El caso El Olivar no es un hecho aislado. Se inscribe en una ofensiva más amplia del gobierno de José Antonio Kast contra los derechos de los trabajadores y las empresas que no se pliegan a sus designios. Mientras el Ejecutivo impulsa recortes en salud, vivienda y desarrollo social, sus propios ministros son acusados de utilizar el aparato estatal para perseguir a empresas y enriquecer a sus aliados.

El ministro Poduje ha respondido a las acusaciones calificando a los querellantes de “sinvergüenzas” y asegurando que el Ministerio presentó cuatro querellas contra la Constructora San Sebastián por fraude al fisco, estafa y negociación incompatible. Sin embargo, su defensa no ha logrado frenar la avalancha judicial: ya son 10 recursos de protección los que se tramitan en la Corte de Apelaciones de Valparaíso, presentados por las empresas y por las propias familias damnificadas.

La función de clase de la impunidad

Desde una perspectiva marxista, el caso Poduje no es una anomalía del sistema judicial, sino su expresión más pura. La ley, en el Chile del capitalismo neoliberal, no es un ente neutral, sino un instrumento de dominación al servicio de la clase dominante. El mismo sistema que persigue con saña a los pobladores por una toma de terreno, que encarcela a los jóvenes de los barrios populares por delitos menores, es el que protege a los ministros acusados de delitos graves con el blindaje de la institucionalidad.

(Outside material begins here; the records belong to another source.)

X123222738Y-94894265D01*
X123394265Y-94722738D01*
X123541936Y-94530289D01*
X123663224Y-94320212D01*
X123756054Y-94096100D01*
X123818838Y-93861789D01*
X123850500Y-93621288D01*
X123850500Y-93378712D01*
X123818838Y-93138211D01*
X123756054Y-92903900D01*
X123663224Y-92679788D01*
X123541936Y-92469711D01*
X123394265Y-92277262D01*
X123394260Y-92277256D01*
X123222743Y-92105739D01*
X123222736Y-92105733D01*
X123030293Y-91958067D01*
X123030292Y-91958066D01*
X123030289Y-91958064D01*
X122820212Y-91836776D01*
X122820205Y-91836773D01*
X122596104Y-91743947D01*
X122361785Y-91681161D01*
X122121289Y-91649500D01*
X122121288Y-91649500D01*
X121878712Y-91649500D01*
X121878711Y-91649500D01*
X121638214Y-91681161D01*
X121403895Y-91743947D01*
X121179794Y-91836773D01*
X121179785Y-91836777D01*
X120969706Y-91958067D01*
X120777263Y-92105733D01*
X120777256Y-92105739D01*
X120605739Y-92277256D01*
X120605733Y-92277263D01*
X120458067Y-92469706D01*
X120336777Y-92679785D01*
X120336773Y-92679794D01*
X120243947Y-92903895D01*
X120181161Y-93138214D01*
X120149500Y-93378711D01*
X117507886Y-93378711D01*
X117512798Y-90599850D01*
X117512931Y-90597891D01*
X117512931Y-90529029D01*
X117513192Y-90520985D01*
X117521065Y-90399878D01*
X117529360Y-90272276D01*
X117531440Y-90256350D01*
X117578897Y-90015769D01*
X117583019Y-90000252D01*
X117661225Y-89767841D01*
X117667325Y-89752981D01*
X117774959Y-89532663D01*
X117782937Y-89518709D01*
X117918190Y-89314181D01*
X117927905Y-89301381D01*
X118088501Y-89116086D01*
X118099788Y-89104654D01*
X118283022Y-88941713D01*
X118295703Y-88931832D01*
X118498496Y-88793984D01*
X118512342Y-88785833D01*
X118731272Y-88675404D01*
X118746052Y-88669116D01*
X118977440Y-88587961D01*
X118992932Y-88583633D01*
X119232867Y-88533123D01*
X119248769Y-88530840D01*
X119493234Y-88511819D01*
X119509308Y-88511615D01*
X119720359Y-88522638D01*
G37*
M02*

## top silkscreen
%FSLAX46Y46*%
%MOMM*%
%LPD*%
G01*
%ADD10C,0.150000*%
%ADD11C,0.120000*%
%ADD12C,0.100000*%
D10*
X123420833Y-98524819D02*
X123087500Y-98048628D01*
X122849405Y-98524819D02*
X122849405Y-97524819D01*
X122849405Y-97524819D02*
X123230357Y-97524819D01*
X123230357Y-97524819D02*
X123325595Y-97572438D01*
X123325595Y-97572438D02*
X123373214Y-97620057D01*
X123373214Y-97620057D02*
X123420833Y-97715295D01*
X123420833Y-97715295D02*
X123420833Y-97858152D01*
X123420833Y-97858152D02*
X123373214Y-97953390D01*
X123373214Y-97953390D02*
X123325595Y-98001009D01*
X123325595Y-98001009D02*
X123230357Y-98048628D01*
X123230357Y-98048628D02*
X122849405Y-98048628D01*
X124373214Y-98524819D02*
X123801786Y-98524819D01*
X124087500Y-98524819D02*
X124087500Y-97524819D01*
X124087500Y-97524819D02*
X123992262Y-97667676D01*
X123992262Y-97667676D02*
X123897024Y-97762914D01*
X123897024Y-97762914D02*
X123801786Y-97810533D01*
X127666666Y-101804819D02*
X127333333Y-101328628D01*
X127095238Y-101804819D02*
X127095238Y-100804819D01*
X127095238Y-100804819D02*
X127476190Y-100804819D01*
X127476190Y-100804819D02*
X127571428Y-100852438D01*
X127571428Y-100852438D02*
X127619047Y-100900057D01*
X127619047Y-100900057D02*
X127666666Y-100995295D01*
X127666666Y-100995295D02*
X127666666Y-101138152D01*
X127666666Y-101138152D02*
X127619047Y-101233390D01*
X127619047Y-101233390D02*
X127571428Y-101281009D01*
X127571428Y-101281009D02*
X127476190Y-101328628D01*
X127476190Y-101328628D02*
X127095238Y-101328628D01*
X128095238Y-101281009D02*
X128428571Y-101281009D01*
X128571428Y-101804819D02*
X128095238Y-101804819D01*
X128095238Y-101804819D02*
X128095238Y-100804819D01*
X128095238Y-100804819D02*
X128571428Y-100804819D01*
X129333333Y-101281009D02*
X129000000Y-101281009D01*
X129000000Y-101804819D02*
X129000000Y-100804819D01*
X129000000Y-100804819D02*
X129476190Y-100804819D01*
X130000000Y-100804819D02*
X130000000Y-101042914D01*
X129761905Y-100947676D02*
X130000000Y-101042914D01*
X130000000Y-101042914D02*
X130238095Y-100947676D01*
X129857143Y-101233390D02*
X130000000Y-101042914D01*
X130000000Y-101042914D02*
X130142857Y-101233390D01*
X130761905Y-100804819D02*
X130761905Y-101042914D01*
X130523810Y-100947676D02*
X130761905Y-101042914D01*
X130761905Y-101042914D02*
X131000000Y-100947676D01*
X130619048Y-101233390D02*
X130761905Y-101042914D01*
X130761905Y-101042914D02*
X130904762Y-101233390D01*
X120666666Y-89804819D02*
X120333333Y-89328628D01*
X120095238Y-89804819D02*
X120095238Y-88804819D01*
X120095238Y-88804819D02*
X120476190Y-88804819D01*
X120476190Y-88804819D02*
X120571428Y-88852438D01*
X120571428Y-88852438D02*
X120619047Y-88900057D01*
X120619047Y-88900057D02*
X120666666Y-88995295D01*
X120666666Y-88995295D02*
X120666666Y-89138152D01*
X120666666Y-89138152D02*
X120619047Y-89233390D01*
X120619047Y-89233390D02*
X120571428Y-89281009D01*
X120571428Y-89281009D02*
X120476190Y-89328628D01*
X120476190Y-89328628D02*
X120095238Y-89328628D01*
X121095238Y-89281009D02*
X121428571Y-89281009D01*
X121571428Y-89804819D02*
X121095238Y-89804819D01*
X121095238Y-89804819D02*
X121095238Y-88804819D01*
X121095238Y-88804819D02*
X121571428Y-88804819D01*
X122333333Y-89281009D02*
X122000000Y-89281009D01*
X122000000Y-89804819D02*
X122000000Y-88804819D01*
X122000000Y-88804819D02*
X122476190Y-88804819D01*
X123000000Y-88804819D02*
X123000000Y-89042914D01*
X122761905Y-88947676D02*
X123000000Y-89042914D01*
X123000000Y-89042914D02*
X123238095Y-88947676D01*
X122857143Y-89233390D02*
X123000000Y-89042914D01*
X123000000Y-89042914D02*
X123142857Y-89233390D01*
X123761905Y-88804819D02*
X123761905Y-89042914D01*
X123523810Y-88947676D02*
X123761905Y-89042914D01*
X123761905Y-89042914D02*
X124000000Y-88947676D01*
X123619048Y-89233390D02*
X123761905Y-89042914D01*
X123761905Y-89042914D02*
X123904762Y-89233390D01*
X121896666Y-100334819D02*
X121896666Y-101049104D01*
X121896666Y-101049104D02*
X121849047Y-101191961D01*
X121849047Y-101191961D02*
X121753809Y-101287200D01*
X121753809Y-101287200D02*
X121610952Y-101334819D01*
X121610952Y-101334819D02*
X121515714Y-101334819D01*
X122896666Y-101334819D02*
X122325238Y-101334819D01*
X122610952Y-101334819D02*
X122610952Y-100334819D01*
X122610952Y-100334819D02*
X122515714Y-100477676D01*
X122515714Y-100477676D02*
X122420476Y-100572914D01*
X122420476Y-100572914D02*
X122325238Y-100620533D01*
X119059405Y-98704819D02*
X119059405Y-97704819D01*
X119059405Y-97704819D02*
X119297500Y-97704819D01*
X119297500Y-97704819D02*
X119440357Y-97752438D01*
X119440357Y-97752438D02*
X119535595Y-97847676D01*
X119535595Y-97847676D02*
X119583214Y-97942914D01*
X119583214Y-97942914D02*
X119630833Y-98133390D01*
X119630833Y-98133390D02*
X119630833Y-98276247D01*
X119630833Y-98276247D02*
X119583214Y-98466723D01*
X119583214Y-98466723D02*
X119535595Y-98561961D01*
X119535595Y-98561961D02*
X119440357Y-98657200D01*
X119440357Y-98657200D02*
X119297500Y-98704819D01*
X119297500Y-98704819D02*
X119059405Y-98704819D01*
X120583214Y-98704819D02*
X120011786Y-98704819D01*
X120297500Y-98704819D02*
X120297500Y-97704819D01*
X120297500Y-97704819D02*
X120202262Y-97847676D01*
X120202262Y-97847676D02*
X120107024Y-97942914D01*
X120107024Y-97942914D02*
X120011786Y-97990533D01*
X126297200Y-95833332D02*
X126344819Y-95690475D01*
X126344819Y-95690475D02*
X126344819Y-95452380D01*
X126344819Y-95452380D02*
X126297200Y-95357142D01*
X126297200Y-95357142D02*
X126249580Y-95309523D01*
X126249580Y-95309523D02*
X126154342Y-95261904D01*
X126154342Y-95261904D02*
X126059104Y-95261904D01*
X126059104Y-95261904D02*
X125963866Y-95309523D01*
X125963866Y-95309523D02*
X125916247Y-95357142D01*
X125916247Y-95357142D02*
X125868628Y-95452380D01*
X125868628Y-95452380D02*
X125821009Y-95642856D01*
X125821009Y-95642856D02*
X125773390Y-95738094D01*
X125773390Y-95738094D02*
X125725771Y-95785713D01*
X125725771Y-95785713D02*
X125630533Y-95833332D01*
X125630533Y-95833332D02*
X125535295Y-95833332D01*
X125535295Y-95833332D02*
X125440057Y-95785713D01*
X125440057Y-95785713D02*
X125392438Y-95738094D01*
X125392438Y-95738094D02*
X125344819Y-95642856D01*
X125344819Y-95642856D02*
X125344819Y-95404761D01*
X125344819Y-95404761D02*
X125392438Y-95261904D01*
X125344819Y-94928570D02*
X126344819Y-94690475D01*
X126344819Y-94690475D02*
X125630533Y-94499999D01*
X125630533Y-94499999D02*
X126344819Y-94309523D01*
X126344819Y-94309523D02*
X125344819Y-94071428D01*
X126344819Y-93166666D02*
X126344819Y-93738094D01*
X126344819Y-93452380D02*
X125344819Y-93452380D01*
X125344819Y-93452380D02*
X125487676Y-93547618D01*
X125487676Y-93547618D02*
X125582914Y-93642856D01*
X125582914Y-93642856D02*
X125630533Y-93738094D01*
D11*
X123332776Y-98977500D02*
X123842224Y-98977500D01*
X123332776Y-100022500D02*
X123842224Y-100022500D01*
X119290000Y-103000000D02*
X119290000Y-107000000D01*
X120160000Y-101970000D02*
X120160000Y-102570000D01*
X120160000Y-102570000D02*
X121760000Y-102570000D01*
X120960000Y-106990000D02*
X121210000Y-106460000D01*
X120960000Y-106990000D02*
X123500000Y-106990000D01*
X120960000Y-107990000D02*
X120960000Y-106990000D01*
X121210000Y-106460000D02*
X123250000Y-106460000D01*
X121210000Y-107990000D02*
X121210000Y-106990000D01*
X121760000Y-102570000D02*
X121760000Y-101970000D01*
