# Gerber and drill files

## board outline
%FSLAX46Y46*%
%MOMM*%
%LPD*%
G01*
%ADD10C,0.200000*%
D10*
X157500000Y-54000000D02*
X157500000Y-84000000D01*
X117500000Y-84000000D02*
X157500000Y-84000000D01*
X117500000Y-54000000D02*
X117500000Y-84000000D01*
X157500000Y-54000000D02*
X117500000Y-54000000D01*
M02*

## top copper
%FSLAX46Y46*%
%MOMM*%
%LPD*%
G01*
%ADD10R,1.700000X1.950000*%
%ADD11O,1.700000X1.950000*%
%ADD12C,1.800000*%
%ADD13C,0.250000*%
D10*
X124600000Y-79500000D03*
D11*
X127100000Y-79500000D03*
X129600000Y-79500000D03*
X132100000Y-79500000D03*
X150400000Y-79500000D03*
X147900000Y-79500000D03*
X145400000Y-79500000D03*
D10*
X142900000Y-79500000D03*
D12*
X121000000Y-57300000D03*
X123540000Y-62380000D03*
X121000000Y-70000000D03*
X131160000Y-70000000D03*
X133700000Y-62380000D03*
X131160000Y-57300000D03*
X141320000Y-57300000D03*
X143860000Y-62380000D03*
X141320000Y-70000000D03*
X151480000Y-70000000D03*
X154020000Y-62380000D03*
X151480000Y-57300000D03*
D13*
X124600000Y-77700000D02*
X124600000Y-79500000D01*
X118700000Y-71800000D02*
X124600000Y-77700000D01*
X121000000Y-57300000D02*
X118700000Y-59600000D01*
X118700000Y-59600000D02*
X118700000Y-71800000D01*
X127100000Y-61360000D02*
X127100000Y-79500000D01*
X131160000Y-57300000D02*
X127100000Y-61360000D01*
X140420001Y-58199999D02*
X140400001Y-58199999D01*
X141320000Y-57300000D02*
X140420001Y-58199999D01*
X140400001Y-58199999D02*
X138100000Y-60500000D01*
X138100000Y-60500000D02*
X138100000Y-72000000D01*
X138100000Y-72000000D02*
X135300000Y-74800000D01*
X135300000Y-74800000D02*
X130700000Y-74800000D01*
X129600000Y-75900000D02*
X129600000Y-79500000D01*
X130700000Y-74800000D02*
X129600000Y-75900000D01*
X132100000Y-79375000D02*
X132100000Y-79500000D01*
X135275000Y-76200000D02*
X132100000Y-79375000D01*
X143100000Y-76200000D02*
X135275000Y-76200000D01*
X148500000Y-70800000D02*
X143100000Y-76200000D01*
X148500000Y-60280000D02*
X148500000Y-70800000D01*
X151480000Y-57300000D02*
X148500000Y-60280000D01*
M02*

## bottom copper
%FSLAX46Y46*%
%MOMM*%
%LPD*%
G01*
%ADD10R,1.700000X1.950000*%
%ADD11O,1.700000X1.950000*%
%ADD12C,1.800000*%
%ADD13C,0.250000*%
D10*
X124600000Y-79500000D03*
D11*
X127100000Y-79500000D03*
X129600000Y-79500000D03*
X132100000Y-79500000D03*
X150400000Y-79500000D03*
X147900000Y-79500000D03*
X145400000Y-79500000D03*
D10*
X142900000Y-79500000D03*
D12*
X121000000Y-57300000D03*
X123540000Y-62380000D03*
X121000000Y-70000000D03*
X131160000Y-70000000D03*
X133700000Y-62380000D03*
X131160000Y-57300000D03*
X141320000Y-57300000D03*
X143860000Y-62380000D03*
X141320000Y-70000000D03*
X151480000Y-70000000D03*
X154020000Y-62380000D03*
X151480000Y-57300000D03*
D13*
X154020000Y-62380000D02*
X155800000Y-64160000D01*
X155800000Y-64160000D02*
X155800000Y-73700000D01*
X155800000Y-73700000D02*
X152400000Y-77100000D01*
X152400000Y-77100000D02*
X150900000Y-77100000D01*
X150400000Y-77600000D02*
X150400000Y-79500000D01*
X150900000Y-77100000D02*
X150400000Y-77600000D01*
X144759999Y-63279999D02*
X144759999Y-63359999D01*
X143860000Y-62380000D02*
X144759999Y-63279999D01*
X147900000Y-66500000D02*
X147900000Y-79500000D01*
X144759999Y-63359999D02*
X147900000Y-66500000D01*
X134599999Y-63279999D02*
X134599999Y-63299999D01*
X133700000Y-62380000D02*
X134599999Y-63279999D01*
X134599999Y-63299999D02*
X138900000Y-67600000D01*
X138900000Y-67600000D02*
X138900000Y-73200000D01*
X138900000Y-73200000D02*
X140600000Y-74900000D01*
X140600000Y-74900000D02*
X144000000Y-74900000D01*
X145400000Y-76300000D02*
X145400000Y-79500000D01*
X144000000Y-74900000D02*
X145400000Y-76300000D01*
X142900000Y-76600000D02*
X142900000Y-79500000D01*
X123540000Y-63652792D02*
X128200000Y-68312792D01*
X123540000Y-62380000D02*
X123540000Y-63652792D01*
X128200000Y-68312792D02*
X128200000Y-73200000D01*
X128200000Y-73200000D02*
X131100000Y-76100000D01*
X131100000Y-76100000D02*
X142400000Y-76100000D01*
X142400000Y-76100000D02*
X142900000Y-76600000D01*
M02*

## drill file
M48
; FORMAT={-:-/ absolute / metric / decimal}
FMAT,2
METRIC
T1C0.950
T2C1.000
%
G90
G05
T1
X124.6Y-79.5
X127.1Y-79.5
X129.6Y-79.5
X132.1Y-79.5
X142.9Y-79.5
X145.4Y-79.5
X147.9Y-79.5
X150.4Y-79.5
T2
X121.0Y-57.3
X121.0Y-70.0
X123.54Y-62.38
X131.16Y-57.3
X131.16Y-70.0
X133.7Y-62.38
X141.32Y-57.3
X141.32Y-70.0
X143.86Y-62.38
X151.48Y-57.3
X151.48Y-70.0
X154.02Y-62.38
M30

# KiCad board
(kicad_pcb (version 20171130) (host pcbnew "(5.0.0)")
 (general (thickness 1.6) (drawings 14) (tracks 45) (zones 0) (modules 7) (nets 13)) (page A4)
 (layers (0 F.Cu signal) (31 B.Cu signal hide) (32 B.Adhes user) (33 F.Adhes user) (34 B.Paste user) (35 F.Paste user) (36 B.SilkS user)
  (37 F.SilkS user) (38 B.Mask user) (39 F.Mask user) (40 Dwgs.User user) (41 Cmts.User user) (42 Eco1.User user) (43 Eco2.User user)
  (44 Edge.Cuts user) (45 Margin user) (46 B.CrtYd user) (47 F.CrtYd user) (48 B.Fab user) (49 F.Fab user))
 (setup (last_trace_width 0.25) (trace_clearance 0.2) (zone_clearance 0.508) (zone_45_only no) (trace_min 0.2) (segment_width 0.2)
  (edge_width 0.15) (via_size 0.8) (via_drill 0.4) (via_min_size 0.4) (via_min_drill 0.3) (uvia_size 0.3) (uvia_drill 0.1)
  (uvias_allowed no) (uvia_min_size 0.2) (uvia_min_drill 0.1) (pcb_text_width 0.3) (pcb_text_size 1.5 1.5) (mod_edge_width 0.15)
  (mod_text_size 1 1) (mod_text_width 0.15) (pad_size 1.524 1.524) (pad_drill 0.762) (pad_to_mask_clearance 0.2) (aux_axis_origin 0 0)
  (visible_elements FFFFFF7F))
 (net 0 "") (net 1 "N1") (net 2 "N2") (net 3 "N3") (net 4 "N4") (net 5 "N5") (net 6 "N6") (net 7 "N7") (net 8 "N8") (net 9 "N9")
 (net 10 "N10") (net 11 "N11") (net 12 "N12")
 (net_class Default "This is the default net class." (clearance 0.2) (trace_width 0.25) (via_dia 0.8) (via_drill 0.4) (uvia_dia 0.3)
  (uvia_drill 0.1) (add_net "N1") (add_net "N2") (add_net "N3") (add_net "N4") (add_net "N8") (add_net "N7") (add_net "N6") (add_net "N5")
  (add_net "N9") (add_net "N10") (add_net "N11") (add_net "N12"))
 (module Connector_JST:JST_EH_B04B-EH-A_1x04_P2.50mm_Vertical (layer F.Cu) (at 124.6 79.5)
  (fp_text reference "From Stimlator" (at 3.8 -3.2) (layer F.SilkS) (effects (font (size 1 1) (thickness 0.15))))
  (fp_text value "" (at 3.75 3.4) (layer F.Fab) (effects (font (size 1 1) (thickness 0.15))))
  (pad 1 thru_hole rect (at 0 0) (size 1.7 1.95) (drill 0.95) (layers *.Cu *.Mask) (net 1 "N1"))
  (pad 2 thru_hole oval (at 2.5 0) (size 1.7 1.95) (drill 0.95) (layers *.Cu *.Mask) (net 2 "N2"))
  (pad 3 thru_hole oval (at 5 0) (size 1.7 1.95) (drill 0.95) (layers *.Cu *.Mask) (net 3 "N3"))
  (pad 4 thru_hole oval (at 7.5 0) (size 1.7 1.95) (drill 0.95) (layers *.Cu *.Mask) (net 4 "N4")))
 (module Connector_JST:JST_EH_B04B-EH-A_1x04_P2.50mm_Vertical (layer F.Cu) (at 142.9 79.5)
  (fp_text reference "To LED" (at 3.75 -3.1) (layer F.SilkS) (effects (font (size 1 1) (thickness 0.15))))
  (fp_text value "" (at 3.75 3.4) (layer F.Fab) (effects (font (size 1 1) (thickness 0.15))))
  (pad 4 thru_hole oval (at 7.5 0) (size 1.7 1.95) (drill 0.95) (layers *.Cu *.Mask) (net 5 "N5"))
  (pad 3 thru_hole oval (at 5 0) (size 1.7 1.95) (drill 0.95) (layers *.Cu *.Mask) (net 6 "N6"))
  (pad 2 thru_hole oval (at 2.5 0) (size 1.7 1.95) (drill 0.95) (layers *.Cu *.Mask) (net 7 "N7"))
  (pad 1 thru_hole rect (at 0 0) (size 1.7 1.95) (drill 0.95) (layers *.Cu *.Mask) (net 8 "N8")))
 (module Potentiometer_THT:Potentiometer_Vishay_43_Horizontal (layer F.Cu) (at 121 70 270)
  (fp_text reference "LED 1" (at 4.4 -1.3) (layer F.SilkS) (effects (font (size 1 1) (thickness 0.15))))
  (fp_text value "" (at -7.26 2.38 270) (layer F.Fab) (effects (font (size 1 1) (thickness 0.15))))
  (pad 3 thru_hole circle (at -12.7 0 270) (size 1.8 1.8) (drill 1) (layers *.Cu *.Mask) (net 1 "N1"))
  (pad 2 thru_hole circle (at -7.62 -2.54 270) (size 1.8 1.8) (drill 1) (layers *.Cu *.Mask) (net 8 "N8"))
  (pad 1 thru_hole circle (at 0 0 270) (size 1.8 1.8) (drill 1) (layers *.Cu *.Mask)))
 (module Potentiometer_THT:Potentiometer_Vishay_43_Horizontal (layer F.Cu) (at 131.16 70 270)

Mientras los de abajo son condenados con todo el peso de la ley, los de arriba disfrutan de un estatuto de excepción que les permite dilatar procesos, destruir pruebas y, en última instancia, salir impunes. La querella contra Poduje, tanto la de Social Arquitectura como la de Luis Mariano Rendón, es un recordatorio de que la justicia, en el Chile de los patrones, es un lujo para los ricos y un castigo para los pobres. La clase trabajadora no debe dejarse engañar por el espectáculo de la “mano dura” contra la corrupción. La verdadera corrupción no está en los informes falsos de El Olivar, sino en un sistema que blinda a los poderosos y criminaliza a los de abajo.